El desarrollo de un eclipse solar total se produce en distintas fases, desde el primer contacto visual hasta la separación completa de los astros. Los cronogramas proporcionados por las plataformas de seguimiento astronómico ayudan a los observadores a planificar el seguimiento de cada etapa. Según datos técnicos del portal Hora y Fecha, la evolución del fenómeno seguirá un horario preciso, convertido aquí al huso horario oficial de Brasilia.

  • Inicio de la fase del eclipse parcial: 7:30 am hora global (4:30 am hora de Brasilia).
  • Inicio de la fase del eclipse total: 8:23 am hora global (5:23 am hora de Brasilia).
  • Punto máximo del eclipse: 10:06 hora global (7:06 hora de Brasilia).
  • Fin del eclipse total: 11:49 hora global (08:49 hora de Brasilia).
  • Fin del eclipse parcial: 00:43 hora global (09:43 hora de Brasilia).

Toda esta dinámica visual sólo es posible gracias a una singular coincidencia cósmica que rige nuestro sistema planetario local. El Sol tiene un diámetro aproximadamente 400 veces mayor que el de la Luna, una diferencia colosal en proporciones. Sin embargo, la estrella central de nuestro sistema también orbita a una distancia de la Tierra exactamente 400 veces mayor que nuestro satélite natural. Esta perfecta proporción geométrica significa que ambos cuerpos celestes presentan el mismo tamaño aparente en el cielo humano, lo que permite un ajuste exacto durante las alineaciones.

Impacto sensorial y protocolos de seguridad.
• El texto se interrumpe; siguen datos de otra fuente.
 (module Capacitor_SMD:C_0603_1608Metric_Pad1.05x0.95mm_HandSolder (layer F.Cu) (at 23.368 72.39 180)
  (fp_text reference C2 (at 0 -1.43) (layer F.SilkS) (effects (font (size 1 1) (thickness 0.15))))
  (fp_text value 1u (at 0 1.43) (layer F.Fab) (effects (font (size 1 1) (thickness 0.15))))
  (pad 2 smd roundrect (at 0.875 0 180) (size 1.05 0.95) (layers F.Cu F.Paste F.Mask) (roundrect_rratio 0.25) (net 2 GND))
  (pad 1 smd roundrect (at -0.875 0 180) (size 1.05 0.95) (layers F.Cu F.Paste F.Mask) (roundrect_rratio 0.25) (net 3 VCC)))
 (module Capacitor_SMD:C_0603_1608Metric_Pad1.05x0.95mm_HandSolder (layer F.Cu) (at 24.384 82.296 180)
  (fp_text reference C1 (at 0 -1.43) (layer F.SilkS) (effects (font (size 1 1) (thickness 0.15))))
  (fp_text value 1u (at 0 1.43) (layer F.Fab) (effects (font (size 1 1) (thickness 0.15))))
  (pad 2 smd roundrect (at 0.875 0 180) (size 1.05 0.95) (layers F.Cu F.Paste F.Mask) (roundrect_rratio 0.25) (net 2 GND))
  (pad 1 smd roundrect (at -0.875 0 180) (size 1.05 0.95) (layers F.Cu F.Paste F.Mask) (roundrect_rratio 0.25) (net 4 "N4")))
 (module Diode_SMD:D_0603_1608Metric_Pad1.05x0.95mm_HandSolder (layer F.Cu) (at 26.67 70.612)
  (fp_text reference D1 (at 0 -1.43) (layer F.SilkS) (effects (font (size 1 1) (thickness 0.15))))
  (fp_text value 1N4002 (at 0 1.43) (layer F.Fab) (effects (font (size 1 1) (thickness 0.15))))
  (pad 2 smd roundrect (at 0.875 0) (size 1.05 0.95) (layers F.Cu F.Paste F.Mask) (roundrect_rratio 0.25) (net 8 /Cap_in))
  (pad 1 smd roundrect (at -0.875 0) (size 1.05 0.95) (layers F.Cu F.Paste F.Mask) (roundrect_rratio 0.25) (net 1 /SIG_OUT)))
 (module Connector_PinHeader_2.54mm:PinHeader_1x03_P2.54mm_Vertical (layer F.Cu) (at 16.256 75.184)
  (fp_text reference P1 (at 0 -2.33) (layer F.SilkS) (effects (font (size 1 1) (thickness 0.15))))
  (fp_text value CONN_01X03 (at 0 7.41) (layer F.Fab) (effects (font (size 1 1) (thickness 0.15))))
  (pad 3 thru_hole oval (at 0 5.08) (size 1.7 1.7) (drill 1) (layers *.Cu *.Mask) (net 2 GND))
La experiencia de un eclipse solar total va más allá de la simple observación astronómica, transformando drásticamente el entorno circundante. En los minutos de totalidad, la luz del día da paso a un peculiar resplandor crepuscular que rodea todo el horizonte en 360 grados. La caída de la luminosidad permite que las estrellas y los planetas brillantes se vuelvan visibles a simple vista a mitad del día. El gran atractivo visual, sin embargo, es la revelación de la corona solar, la difusa atmósfera exterior del Sol, que normalmente permanece invisible debido al resplandor causado por el intenso brillo del disco principal.
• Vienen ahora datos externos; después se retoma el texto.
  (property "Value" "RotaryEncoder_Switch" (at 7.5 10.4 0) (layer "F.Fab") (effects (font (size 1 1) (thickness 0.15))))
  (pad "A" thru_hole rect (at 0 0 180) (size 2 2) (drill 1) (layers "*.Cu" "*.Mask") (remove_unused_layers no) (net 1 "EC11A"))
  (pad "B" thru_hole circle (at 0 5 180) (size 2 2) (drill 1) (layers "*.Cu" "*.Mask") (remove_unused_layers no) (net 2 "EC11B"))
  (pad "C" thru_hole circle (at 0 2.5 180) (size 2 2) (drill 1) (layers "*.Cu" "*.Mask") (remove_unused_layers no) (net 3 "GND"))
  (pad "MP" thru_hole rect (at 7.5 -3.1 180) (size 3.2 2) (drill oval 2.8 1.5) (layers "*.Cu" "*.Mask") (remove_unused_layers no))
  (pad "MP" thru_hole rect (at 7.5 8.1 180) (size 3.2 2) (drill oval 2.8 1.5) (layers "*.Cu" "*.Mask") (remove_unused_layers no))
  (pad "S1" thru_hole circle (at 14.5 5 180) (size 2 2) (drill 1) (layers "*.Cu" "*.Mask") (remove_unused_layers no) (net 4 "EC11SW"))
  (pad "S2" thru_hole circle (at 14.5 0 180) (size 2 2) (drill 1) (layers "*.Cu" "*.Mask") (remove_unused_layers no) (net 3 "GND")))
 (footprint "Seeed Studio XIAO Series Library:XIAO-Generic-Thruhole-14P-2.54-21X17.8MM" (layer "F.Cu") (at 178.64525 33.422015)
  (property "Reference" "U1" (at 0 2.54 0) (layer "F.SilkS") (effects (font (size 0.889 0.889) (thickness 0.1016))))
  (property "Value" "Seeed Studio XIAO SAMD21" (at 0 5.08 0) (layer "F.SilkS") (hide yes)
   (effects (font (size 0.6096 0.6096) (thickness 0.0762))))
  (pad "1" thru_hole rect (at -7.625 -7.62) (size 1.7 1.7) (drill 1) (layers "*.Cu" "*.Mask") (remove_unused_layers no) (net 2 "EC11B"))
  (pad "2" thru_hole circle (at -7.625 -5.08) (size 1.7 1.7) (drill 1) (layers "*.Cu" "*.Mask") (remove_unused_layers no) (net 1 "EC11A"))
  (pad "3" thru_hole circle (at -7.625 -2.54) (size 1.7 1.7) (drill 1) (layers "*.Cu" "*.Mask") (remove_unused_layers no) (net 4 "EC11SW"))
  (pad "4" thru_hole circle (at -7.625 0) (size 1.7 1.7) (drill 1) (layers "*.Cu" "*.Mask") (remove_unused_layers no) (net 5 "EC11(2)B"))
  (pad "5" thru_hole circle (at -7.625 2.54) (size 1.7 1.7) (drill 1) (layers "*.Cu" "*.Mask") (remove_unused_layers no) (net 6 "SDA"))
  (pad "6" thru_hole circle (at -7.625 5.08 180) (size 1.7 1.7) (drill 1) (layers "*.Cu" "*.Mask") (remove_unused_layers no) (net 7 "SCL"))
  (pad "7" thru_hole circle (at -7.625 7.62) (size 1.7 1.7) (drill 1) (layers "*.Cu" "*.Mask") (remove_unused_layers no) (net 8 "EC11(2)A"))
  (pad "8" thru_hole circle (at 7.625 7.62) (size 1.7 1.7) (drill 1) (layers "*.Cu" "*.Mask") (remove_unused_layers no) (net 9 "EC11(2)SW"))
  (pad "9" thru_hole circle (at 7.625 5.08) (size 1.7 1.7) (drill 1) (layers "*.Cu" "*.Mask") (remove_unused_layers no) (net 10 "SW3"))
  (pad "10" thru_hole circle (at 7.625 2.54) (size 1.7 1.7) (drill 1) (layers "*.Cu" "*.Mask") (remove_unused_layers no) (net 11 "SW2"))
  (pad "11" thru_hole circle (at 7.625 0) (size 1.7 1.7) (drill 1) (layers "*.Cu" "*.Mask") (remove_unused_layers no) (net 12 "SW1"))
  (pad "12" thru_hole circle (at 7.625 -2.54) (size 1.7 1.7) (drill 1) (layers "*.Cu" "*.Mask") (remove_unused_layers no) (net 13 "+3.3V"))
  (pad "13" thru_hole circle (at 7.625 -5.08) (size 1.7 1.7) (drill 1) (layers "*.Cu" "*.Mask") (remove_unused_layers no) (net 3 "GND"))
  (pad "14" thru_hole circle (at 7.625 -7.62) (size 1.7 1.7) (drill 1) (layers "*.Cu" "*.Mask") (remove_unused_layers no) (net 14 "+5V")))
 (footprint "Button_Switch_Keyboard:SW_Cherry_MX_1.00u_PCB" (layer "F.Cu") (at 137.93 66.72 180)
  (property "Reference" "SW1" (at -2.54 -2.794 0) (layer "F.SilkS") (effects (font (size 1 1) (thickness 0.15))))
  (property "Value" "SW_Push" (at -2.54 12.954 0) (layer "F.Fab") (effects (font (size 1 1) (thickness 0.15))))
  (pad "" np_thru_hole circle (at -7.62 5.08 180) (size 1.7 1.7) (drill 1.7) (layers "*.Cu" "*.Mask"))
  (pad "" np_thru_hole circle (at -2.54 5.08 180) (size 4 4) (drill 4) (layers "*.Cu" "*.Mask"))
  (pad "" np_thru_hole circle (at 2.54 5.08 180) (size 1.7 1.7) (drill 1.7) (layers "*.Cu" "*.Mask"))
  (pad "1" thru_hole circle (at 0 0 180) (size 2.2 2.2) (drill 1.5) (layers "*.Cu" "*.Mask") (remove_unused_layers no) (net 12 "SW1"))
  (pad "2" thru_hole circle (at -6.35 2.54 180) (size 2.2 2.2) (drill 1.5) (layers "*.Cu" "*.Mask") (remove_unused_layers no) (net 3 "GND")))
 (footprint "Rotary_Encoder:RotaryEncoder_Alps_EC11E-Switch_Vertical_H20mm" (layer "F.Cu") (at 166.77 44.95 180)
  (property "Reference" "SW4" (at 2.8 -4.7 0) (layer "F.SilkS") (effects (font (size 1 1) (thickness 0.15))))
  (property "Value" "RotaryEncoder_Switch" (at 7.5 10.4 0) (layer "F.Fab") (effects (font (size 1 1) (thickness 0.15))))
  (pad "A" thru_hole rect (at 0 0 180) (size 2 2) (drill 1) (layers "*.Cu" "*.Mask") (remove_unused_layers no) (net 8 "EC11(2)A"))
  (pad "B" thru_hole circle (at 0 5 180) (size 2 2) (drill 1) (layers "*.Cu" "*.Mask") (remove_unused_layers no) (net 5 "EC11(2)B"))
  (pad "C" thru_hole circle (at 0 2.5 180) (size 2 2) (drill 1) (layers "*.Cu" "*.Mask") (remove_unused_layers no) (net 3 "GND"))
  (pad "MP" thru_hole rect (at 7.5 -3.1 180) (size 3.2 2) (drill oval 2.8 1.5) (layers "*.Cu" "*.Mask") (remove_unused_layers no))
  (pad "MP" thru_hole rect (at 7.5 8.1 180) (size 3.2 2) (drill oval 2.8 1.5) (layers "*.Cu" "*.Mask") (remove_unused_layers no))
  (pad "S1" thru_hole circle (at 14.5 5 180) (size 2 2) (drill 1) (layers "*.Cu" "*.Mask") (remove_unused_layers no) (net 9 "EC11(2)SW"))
El seguimiento de las fases parciales del evento requiere el cumplimiento estricto de las normas de seguridad ocular para evitar daños permanentes a la retina. Es estrictamente obligatorio el uso de gafas de observación equipadas con filtros que cumplan con la certificación internacional ISO 12312-2, así como la instalación de filtros solares adecuados en la apertura frontal de telescopios, binoculares y cámaras fotográficas. La única excepción a esta norma de protección se da exclusivamente para los observadores situados en la banda de totalidad, que pueden quitarse el equipo de seguridad sólo durante los pocos minutos en los que el Sol está completamente bloqueado por la silueta lunar.